Use kind: input to evaluate user messages before they reach the LLM:
GUARDRAILS:
profanity_filter:
kind: input
action: block
Input guardrails support:
- Pattern-based detection.
- Provider-based moderation.
- LLM-based classification.
- Severity-based actions.
- Runtime priority ordering.
For advanced syntax and additional examples, see the Guardrails section in the ABL Reference Guide.
Output Guardrails
Output guardrails evaluate generated responses before they’re returned to the user. Use them to prevent unsafe responses, redact sensitive information, apply moderation checks, and inspect streaming output during generation.
Use kind: output to evaluate generated responses:
GUARDRAILS:
pii_output_prevention:
kind: output
action: block
Use kind: both to apply the same rule to both input and output:
GUARDRAILS:
phone_number_check:
kind: both
action: warn
Enable streaming evaluation for responses while content is still being generated:
GUARDRAILS:
streaming_safety:
kind: output
streaming: true
Output guardrails support:
- PII detection and redaction.
- Toxicity scoring.
- Streaming response evaluation.
- Bidirectional guardrails.
- Automatic response cleanup and fix strategies.

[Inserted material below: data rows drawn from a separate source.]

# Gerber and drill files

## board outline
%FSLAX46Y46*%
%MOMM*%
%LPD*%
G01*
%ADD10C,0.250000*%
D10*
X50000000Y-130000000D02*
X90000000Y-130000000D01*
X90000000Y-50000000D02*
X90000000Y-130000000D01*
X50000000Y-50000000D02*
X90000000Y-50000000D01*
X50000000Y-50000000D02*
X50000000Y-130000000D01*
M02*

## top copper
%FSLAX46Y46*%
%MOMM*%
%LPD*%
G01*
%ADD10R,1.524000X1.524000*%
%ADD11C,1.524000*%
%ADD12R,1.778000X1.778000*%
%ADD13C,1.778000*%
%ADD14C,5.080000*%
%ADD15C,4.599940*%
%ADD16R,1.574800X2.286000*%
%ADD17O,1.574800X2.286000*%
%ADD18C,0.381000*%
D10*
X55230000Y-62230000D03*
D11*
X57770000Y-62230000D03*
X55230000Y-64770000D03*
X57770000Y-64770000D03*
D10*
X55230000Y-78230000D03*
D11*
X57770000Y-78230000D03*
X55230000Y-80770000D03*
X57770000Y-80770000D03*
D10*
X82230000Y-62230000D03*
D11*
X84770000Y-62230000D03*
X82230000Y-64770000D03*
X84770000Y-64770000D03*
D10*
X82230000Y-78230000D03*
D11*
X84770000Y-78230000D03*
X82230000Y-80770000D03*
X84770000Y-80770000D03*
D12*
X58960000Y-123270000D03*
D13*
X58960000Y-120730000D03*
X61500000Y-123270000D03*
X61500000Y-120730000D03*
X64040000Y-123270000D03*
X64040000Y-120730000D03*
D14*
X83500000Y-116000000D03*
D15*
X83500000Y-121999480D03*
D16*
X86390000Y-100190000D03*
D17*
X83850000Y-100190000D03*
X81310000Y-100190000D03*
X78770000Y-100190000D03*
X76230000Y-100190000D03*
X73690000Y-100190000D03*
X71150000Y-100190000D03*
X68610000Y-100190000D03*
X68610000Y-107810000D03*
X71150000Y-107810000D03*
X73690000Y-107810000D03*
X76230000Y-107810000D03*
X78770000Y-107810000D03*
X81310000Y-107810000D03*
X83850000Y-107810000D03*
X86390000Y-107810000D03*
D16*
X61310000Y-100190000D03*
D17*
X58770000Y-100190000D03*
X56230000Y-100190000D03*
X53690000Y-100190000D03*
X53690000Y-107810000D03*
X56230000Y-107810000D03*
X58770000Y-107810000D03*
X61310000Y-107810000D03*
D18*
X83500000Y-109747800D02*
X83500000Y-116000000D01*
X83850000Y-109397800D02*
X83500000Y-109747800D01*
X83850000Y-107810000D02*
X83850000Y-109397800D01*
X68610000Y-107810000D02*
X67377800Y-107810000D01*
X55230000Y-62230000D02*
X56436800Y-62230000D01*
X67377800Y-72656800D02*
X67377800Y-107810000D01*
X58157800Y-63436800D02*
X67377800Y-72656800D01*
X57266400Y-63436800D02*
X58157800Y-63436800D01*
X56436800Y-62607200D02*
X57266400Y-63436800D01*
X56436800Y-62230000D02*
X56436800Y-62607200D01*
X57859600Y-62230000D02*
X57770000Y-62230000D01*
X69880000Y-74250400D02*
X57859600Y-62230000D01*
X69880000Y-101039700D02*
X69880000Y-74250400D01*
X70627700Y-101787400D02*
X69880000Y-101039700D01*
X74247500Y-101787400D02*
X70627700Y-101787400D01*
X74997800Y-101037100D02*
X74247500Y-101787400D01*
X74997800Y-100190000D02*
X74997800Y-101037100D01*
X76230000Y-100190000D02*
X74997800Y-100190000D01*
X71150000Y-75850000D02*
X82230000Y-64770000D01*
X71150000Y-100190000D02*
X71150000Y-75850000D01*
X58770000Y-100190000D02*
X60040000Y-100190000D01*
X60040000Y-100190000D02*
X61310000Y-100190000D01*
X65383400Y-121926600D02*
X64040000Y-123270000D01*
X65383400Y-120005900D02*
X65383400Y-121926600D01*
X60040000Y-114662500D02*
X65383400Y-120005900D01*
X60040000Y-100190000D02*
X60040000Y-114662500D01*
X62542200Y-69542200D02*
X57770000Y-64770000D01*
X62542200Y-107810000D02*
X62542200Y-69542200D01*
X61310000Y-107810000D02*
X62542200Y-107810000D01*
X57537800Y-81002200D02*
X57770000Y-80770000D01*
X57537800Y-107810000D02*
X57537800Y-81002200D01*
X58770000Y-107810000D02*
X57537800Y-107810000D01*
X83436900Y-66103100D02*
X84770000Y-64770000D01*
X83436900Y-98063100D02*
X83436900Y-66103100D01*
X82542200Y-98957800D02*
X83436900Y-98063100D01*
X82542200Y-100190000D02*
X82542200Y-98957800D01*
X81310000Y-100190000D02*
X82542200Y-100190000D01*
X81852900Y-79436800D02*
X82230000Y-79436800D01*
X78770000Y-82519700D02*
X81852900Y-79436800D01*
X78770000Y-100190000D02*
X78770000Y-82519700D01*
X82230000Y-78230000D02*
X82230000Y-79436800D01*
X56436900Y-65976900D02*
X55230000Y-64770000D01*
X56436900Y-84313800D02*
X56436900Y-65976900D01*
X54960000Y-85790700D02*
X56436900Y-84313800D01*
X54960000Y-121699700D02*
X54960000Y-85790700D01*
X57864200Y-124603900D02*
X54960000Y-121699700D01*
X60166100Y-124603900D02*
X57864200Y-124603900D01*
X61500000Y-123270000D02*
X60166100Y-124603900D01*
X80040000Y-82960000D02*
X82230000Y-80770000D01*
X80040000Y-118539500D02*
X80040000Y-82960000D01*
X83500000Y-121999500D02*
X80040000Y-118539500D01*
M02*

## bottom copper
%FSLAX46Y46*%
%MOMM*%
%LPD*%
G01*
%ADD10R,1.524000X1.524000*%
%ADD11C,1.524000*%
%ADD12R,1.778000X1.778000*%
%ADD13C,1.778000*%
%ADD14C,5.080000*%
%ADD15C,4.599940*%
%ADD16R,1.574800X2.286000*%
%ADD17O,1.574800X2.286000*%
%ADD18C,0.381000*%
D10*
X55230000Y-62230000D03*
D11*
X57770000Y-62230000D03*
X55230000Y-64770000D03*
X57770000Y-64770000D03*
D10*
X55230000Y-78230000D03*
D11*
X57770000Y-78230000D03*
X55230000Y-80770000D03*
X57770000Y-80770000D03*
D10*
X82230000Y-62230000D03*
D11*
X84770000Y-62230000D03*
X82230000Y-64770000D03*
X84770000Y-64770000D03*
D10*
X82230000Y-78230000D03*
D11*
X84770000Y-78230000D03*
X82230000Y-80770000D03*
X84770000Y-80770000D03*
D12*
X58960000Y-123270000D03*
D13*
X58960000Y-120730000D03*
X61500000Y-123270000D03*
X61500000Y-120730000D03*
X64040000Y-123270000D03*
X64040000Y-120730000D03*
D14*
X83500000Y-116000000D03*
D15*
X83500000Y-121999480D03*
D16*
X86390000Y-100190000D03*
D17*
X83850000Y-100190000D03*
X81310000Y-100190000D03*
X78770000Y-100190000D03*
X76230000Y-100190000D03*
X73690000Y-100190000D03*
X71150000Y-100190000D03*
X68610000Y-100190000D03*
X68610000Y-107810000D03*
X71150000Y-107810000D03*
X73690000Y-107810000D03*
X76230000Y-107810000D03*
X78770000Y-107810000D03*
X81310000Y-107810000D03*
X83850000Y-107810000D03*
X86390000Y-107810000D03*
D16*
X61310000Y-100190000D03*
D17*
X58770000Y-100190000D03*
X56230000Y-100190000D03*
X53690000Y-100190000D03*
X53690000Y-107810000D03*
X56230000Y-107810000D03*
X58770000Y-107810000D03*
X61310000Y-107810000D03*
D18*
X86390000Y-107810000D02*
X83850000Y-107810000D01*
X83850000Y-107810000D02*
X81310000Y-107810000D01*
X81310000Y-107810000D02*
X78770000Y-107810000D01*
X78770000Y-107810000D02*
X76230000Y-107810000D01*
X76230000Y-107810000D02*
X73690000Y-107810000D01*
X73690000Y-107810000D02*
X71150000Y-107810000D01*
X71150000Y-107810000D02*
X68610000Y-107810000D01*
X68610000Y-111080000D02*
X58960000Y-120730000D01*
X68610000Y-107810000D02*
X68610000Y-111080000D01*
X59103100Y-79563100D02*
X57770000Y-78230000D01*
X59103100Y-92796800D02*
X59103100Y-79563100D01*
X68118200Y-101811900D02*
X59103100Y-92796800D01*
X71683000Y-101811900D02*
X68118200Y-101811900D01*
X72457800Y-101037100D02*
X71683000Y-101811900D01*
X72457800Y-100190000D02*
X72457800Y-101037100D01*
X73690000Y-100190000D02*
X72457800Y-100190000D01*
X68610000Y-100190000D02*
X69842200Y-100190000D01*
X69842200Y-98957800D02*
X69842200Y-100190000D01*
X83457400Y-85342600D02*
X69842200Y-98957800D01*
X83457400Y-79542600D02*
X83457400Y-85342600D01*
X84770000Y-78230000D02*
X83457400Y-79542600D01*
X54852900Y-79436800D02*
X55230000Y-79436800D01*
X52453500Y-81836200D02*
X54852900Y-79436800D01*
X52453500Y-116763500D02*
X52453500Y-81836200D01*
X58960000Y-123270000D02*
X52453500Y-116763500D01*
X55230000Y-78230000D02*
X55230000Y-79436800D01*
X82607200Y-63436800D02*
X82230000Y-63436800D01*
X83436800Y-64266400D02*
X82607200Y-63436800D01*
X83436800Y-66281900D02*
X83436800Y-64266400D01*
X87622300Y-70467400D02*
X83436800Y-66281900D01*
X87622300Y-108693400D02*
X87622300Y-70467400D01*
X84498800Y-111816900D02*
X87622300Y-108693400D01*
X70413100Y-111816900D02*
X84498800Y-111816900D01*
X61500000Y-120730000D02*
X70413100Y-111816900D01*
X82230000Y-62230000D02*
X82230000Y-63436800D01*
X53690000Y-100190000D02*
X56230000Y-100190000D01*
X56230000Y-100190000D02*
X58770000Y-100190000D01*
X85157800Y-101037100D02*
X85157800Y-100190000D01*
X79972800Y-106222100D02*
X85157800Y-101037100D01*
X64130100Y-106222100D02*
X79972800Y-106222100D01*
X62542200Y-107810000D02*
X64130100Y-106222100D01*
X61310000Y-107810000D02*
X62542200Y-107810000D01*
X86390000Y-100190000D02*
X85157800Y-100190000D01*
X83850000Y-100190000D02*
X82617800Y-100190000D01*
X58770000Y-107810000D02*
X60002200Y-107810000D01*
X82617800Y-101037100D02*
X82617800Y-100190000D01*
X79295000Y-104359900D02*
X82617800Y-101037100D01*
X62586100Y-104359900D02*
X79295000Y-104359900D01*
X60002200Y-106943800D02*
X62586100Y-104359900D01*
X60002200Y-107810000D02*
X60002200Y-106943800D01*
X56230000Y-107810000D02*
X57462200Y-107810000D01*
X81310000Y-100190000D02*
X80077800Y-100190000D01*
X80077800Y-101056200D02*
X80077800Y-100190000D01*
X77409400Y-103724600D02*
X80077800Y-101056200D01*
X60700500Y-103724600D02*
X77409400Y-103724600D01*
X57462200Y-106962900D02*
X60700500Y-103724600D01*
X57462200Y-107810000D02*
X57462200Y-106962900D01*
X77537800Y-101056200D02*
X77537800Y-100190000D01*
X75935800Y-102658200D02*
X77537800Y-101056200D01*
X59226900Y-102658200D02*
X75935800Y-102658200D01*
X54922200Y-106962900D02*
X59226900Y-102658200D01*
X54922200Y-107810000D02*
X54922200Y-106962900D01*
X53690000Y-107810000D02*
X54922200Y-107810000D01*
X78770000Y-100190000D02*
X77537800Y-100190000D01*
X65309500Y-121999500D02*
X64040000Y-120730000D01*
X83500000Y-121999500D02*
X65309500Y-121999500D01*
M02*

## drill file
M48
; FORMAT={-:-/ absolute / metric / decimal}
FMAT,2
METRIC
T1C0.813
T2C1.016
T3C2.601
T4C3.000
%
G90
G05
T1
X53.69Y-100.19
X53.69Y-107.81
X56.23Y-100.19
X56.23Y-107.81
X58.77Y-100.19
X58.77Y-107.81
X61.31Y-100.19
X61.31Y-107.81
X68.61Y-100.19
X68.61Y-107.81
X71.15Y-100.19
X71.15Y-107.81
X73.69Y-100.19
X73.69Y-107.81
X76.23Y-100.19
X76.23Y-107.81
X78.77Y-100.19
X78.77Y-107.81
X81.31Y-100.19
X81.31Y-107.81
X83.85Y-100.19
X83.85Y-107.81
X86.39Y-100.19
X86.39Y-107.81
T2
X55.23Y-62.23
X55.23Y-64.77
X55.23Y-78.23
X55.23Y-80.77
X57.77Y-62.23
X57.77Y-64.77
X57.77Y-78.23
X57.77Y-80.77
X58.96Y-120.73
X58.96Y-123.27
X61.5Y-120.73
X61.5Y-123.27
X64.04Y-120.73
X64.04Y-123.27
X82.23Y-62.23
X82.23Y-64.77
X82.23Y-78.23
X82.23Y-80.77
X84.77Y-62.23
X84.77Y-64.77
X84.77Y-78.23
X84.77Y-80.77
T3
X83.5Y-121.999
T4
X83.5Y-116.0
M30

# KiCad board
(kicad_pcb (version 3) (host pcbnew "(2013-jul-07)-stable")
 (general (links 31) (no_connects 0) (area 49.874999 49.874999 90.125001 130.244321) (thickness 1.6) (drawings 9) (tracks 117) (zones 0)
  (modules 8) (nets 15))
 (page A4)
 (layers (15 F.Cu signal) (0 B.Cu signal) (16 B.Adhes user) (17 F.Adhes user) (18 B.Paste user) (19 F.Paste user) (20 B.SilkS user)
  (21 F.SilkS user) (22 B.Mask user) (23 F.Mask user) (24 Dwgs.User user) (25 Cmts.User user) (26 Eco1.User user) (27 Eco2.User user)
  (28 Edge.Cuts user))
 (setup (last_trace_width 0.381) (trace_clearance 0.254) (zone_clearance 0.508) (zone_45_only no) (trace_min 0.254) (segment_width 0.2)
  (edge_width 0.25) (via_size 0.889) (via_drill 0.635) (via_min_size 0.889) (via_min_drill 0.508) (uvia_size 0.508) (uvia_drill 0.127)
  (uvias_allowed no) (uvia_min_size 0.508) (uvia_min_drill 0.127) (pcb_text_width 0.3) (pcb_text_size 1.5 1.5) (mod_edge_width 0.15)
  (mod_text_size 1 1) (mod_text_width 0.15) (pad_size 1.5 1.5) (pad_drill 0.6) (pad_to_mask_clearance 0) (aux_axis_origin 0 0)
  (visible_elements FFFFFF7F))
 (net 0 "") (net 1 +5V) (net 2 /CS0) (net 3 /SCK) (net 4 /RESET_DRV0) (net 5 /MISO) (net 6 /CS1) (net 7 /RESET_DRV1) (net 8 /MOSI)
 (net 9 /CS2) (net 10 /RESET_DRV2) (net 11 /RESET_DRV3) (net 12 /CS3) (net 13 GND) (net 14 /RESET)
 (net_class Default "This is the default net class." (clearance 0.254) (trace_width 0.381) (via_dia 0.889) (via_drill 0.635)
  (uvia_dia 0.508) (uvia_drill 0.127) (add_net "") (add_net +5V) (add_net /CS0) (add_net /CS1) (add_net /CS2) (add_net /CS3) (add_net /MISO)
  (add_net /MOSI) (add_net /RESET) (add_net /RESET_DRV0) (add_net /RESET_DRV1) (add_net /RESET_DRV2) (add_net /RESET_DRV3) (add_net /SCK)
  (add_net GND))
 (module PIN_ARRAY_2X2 (layer F.Cu) (at 56.5 63.5 270)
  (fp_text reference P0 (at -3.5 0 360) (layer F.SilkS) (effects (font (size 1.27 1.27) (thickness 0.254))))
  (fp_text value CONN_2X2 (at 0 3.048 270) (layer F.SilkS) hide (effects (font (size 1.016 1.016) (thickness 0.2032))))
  (pad 1 thru_hole rect (at -1.27 1.27 270) (size 1.524 1.524) (drill 1.016) (layers *.Cu *.Mask F.SilkS) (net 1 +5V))
  (pad 2 thru_hole circle (at -1.27 -1.27 270) (size 1.524 1.524) (drill 1.016) (layers *.Cu *.Mask F.SilkS) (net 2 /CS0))
  (pad 3 thru_hole circle (at 1.27 1.27 270) (size 1.524 1.524) (drill 1.016) (layers *.Cu *.Mask F.SilkS) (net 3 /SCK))
  (pad 4 thru_hole circle (at 1.27 -1.27 270) (size 1.524 1.524) (drill 1.016) (layers *.Cu *.Mask F.SilkS) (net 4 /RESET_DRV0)))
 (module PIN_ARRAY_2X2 (layer F.Cu) (at 56.5 79.5 270)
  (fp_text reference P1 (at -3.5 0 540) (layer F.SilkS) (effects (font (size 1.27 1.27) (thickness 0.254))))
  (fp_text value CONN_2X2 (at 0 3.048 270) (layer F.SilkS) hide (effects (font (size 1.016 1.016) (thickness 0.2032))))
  (pad 1 thru_hole rect (at -1.27 1.27 270) (size 1.524 1.524) (drill 1.016) (layers *.Cu *.Mask F.SilkS) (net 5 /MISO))
  (pad 2 thru_hole circle (at -1.27 -1.27 270) (size 1.524 1.524) (drill 1.016) (layers *.Cu *.Mask F.SilkS) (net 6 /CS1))
  (pad 3 thru_hole circle (at 1.27 1.27 270) (size 1.524 1.524) (drill 1.016) (layers *.Cu *.Mask F.SilkS))
  (pad 4 thru_hole circle (at 1.27 -1.27 270) (size 1.524 1.524) (drill 1.016) (layers *.Cu *.Mask F.SilkS) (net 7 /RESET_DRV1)))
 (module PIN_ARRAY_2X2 (layer F.Cu) (at 83.5 63.5 270)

For advanced syntax and additional examples, see the Guardrails section in the ABL Reference Guide.
DSL and UI Mapping
The platform maintains a one-to-one mapping between the UI configuration and the DSL/ABL definition. This lets you:
- Configure guardrails visually.
- Manage guardrails as code.
- Version and compare configuration changes.
- Switch between UI and DSL-based editing workflows.
When you add a guardrail rule in the UI, the platform generates the corresponding GUARDRAILS: block in the DSL/ABL. Updating the GUARDRAILS: block directly in the DSL/ABL updates the same rule in the UI.
For detailed guardrail syntax, runtime semantics, and advanced ABL examples, see the Guardrails section in the ABL Reference Guide.
Best Practices
- Use project guardrails for centralized governance; use agent guardrails for localized runtime behavior.
- Start with
warn before enabling block to understand impact before enforcement.
- Test regex patterns carefully to reduce false positives.
- Enable streaming guardrails for high-risk applications.
- Use fail-closed behavior for compliance-sensitive workloads.
- Separate business constraints from safety guardrails.
- Use providers with caching and budget controls for large-scale deployments.